1 Absorption kinetics of Climbazole
As shown in Figure 1, the concentration of Climbazole in the fish reaches the maximum at the 72th hour of the absorption period (i.e. the 3rd day); the concentration of Climbazole in the fish body remains the same at the end of the 72h~168h exposure period of the absorption period (i.e. the 7th day). Stablize. The stable concentrations of campanolain in gills and liver, bile and plasma were 2.91 and 33.7ng/g, 4.84 and 2.58ng/mL, respectively. According to the curve nonlinear fitting results, the absorption kinetics of Campanola in fish gills, liver, bile and plasma all conform to the pseudo-first-order kinetic equation, and the correlation coefficients r2 of the equation fitting results are 0.75, 0.83, 0.90 and 0.96. Comparison shows that: Climbazole has the highest ku in the liver, an order of magnitude higher than the ku in the gills, 2 times and 5 times higher than the bile and plasma, respectively, indicating that compared with other parts, the liver of tilapia is more likely to absorb clambazole. Previous studies have pointed out that the concentration and absorption rate of hydroxyazepam, methocarbamol, and tetrabromobisphenol A in the fish liver are also higher than those in the brain, bile, gills, and muscles in the water body, which may be due to the liver as a detoxification organ. , more easily absorb exogenous pollutants.

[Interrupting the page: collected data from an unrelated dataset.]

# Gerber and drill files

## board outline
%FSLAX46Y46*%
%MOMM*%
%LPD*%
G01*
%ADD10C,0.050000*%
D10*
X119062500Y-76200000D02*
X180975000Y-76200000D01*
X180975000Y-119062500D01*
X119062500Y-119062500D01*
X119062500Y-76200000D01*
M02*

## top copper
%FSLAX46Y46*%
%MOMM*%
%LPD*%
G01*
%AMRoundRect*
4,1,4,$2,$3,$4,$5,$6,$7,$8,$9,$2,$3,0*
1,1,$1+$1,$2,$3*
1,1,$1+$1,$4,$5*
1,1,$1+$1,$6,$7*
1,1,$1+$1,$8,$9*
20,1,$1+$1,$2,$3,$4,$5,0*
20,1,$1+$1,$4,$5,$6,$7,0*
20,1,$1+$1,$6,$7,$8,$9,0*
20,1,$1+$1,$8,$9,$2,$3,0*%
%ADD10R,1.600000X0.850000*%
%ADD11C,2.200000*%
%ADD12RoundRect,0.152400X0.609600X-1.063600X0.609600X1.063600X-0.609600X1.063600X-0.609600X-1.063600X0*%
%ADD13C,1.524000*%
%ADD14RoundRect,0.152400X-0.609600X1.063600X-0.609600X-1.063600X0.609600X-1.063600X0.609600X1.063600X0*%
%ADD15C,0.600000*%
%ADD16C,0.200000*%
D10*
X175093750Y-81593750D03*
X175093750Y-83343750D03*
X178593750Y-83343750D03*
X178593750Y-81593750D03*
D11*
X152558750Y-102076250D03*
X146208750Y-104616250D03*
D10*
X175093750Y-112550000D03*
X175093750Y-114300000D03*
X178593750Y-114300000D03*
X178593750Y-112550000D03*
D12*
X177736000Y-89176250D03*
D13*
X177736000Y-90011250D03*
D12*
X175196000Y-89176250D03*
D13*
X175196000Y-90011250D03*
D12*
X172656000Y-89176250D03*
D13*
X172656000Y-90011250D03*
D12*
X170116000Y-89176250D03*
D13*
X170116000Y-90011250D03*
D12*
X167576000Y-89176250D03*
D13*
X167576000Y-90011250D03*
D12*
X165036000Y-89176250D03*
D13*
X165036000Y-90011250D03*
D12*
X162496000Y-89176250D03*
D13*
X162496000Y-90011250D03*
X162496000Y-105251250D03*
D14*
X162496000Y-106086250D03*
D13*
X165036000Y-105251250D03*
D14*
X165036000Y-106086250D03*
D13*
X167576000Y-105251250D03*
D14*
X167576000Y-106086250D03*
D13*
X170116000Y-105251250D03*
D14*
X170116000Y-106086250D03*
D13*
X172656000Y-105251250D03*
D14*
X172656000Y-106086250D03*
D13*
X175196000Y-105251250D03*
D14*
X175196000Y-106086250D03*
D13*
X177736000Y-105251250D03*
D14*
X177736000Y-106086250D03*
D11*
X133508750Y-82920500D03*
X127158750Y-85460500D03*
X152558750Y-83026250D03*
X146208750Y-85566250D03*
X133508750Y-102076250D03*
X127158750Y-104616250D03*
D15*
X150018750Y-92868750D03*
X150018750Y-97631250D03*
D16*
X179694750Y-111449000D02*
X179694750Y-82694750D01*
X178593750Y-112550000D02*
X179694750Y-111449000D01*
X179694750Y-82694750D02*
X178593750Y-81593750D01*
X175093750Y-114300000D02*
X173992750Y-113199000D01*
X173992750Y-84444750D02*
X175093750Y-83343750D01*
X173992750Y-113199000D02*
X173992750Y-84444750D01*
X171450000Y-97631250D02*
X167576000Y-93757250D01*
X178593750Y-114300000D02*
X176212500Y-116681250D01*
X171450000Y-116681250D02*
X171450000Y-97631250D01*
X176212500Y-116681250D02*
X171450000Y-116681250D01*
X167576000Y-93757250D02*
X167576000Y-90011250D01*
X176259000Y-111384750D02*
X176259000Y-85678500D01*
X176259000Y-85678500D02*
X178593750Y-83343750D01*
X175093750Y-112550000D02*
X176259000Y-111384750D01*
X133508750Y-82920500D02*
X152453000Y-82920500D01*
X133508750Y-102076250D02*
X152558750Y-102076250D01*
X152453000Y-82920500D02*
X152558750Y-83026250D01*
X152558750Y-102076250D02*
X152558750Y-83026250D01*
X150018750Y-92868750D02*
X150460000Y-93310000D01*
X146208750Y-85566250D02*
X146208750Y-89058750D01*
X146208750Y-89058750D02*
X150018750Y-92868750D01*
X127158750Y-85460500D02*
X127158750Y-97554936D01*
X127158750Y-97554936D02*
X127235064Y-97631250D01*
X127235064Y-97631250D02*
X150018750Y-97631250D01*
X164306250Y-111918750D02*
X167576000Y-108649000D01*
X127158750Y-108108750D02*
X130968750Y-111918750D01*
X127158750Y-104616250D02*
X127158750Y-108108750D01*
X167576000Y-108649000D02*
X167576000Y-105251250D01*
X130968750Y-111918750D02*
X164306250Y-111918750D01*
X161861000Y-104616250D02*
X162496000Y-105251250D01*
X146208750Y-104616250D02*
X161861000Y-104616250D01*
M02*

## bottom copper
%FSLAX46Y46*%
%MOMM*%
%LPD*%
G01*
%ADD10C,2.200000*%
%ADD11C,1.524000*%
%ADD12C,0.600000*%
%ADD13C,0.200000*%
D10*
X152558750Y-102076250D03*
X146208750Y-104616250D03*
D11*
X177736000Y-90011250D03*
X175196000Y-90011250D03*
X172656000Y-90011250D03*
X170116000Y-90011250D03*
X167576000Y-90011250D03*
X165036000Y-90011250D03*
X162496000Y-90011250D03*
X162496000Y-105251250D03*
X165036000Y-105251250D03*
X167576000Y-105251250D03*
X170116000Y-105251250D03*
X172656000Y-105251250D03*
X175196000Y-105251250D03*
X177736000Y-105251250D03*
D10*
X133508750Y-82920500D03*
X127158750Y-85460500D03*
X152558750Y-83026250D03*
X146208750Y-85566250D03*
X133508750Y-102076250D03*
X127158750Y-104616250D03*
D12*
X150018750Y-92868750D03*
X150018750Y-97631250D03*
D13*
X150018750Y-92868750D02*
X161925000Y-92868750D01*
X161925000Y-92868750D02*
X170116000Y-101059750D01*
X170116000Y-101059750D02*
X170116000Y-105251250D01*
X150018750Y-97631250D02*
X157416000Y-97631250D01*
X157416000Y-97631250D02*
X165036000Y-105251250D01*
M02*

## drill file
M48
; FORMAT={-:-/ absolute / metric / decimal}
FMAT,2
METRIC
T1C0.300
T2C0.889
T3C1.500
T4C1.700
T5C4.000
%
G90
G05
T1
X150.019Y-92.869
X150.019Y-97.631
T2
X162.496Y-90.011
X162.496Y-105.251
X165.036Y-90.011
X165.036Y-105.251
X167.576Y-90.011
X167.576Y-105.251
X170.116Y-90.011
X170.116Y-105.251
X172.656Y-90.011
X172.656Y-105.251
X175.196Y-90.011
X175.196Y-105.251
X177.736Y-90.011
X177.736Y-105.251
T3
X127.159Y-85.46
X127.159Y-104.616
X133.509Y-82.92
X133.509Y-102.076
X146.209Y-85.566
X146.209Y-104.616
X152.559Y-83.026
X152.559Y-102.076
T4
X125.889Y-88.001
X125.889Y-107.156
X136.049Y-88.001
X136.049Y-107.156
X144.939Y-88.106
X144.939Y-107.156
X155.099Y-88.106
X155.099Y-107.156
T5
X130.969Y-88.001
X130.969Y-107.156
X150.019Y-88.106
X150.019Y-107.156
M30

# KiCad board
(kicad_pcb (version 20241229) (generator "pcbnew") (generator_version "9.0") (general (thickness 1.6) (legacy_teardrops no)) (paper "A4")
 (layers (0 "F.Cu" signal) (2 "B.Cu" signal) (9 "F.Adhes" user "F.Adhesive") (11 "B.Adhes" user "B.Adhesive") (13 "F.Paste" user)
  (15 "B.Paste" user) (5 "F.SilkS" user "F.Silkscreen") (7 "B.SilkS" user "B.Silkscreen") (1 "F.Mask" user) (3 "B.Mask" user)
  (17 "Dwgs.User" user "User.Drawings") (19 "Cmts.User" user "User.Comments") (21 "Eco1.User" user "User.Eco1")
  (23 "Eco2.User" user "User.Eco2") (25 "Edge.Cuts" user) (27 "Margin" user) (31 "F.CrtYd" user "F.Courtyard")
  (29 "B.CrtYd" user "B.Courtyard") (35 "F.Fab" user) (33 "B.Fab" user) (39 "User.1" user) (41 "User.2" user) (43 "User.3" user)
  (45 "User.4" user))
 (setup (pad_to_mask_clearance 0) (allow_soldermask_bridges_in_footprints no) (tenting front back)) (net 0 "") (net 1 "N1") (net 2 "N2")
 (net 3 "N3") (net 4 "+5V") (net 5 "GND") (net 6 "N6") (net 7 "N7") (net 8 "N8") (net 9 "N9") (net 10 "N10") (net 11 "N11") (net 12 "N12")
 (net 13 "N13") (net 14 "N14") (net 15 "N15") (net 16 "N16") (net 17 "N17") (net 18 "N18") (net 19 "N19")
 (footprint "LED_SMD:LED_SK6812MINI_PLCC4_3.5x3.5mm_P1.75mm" (layer "F.Cu") (at 176.84375 82.46875)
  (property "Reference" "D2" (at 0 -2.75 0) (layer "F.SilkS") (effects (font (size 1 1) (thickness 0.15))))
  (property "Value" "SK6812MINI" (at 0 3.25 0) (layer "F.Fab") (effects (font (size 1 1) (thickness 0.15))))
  (pad "1" smd rect (at -1.75 -0.875) (size 1.6 0.85) (layers "F.Cu" "F.Mask" "F.Paste") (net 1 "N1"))
  (pad "2" smd rect (at -1.75 0.875) (size 1.6 0.85) (layers "F.Cu" "F.Mask" "F.Paste") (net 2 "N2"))
  (pad "3" smd rect (at 1.75 0.875) (size 1.6 0.85) (layers "F.Cu" "F.Mask" "F.Paste") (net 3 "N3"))
  (pad "4" smd rect (at 1.75 -0.875) (size 1.6 0.85) (layers "F.Cu" "F.Mask" "F.Paste") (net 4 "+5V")))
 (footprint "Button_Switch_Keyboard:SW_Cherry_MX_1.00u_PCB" (layer "F.Cu") (at 152.55875 102.07625)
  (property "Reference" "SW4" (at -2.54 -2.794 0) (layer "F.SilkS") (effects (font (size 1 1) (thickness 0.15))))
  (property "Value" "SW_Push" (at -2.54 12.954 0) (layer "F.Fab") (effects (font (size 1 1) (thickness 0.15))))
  (pad "" np_thru_hole circle (at -7.62 5.08) (size 1.7 1.7) (drill 1.7) (layers "*.Cu" "*.Mask"))
  (pad "" np_thru_hole circle (at -2.54 5.08) (size 4 4) (drill 4) (layers "*.Cu" "*.Mask"))
  (pad "" np_thru_hole circle (at 2.54 5.08) (size 1.7 1.7) (drill 1.7) (layers "*.Cu" "*.Mask"))
  (pad "1" thru_hole circle (at 0 0) (size 2.2 2.2) (drill 1.5) (layers "*.Cu" "*.Mask") (remove_unused_layers no) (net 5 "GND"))
  (pad "2" thru_hole circle (at -6.35 2.54) (size 2.2 2.2) (drill 1.5) (layers "*.Cu" "*.Mask") (remove_unused_layers no) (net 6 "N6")))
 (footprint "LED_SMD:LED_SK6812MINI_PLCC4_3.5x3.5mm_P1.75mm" (layer "F.Cu") (at 176.84375 113.425)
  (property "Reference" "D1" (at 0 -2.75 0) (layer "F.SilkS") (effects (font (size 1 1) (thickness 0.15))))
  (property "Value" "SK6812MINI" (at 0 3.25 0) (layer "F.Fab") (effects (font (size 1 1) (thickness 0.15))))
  (pad "1" smd rect (at -1.75 -0.875) (size 1.6 0.85) (layers "F.Cu" "F.Mask" "F.Paste") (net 3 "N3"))
  (pad "2" smd rect (at -1.75 0.875) (size 1.6 0.85) (layers "F.Cu" "F.Mask" "F.Paste") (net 2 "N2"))
  (pad "3" smd rect (at 1.75 0.875) (size 1.6 0.85) (layers "F.Cu" "F.Mask" "F.Paste") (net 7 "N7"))
  (pad "4" smd rect (at 1.75 -0.875) (size 1.6 0.85) (layers "F.Cu" "F.Mask" "F.Paste") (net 4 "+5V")))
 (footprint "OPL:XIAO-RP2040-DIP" (layer "F.Cu") (at 170.116 97.63125 -90)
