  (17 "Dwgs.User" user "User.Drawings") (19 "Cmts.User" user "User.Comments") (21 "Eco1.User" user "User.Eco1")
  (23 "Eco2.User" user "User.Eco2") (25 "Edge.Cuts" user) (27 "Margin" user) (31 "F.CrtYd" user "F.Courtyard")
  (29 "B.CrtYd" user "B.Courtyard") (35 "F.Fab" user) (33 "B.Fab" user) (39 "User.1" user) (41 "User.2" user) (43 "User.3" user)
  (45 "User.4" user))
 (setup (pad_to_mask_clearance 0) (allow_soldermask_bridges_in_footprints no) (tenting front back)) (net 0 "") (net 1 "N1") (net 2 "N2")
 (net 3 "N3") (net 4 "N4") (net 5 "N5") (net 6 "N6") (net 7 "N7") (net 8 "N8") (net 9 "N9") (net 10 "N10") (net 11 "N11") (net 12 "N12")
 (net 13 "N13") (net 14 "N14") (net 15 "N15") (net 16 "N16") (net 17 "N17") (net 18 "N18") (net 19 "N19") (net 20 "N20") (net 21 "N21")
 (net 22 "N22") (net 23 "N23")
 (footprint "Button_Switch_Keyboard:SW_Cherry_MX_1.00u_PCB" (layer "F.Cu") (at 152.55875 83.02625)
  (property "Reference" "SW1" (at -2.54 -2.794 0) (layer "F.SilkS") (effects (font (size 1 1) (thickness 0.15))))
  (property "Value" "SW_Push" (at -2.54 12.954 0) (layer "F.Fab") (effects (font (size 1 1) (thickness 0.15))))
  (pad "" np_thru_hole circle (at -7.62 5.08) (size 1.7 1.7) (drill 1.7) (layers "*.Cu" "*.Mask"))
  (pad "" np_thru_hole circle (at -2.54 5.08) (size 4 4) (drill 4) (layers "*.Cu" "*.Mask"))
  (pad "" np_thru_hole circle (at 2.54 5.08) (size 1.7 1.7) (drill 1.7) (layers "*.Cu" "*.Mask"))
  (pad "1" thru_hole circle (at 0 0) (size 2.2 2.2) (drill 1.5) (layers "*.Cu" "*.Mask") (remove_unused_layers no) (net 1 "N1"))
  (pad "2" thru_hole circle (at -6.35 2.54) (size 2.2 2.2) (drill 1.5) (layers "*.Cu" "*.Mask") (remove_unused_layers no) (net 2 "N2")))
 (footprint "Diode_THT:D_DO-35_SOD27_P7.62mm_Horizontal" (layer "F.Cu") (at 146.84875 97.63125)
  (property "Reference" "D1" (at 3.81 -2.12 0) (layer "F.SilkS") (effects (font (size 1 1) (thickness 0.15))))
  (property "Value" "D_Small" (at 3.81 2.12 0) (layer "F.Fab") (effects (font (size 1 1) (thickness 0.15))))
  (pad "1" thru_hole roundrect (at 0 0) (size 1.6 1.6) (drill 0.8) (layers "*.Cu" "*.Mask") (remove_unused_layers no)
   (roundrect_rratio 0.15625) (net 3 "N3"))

2 Clearance kinetics of Climbazole
As shown in Figure 1, at the 72th hour of the washout period (i.e. the 3rd day), the concentration of Campanuin in the fish reached the lowest value; at the end of the experiment at 72h~168h of the washout period (i.e. the 7th day), the concentration of Campanile in the fish body remained Stable. The stable concentrations of Campanola in gills, liver, bile, and plasma are 0.10ng/g (<MQLs), 1.28ng/g, 0.26ng/mL (<MQLs) and 0.05ng/mL (<MQLs), respectively. After the 3-day clearance period, the residual amount of Climbazole in tilapia was relatively low. According to the nonlinear fitting results of the curve, the clearance kinetics of Climbazole in the gills, liver, bile and plasma of the fish all conformed to the pseudo-first-order kinetics equation, and the correlation coefficients r2 of the equation fitting results are 0.97, 0.98, 0.77 and 0.98, respectively. The kinetic equations of the clearance of Campanola in tilapia are shown in Table 3. Through the equation parameters, the kinetic constants ke of the clearance of Campanola in the gills, liver, bile and plasma of Tilapia are 0.033, 0.029, 0.082 and 0.060 respectively. h-1; according to the ke value, the half-life t1/2 of Campanola in tilapia gills, liver, bile and plasma can be calculated to be 21.1, 23.9, 8.51 and 11.6h respectively. t1/2 is the smallest, and t1/2 in gills and liver is 2-fold and 3-fold higher than that in bile, respectively. Compared with other parts, the metabolism rate of campanolain in bile is faster, indicating that enterohepatic circulation in bile is an important metabolic pathway for fish to excrete Climbazole.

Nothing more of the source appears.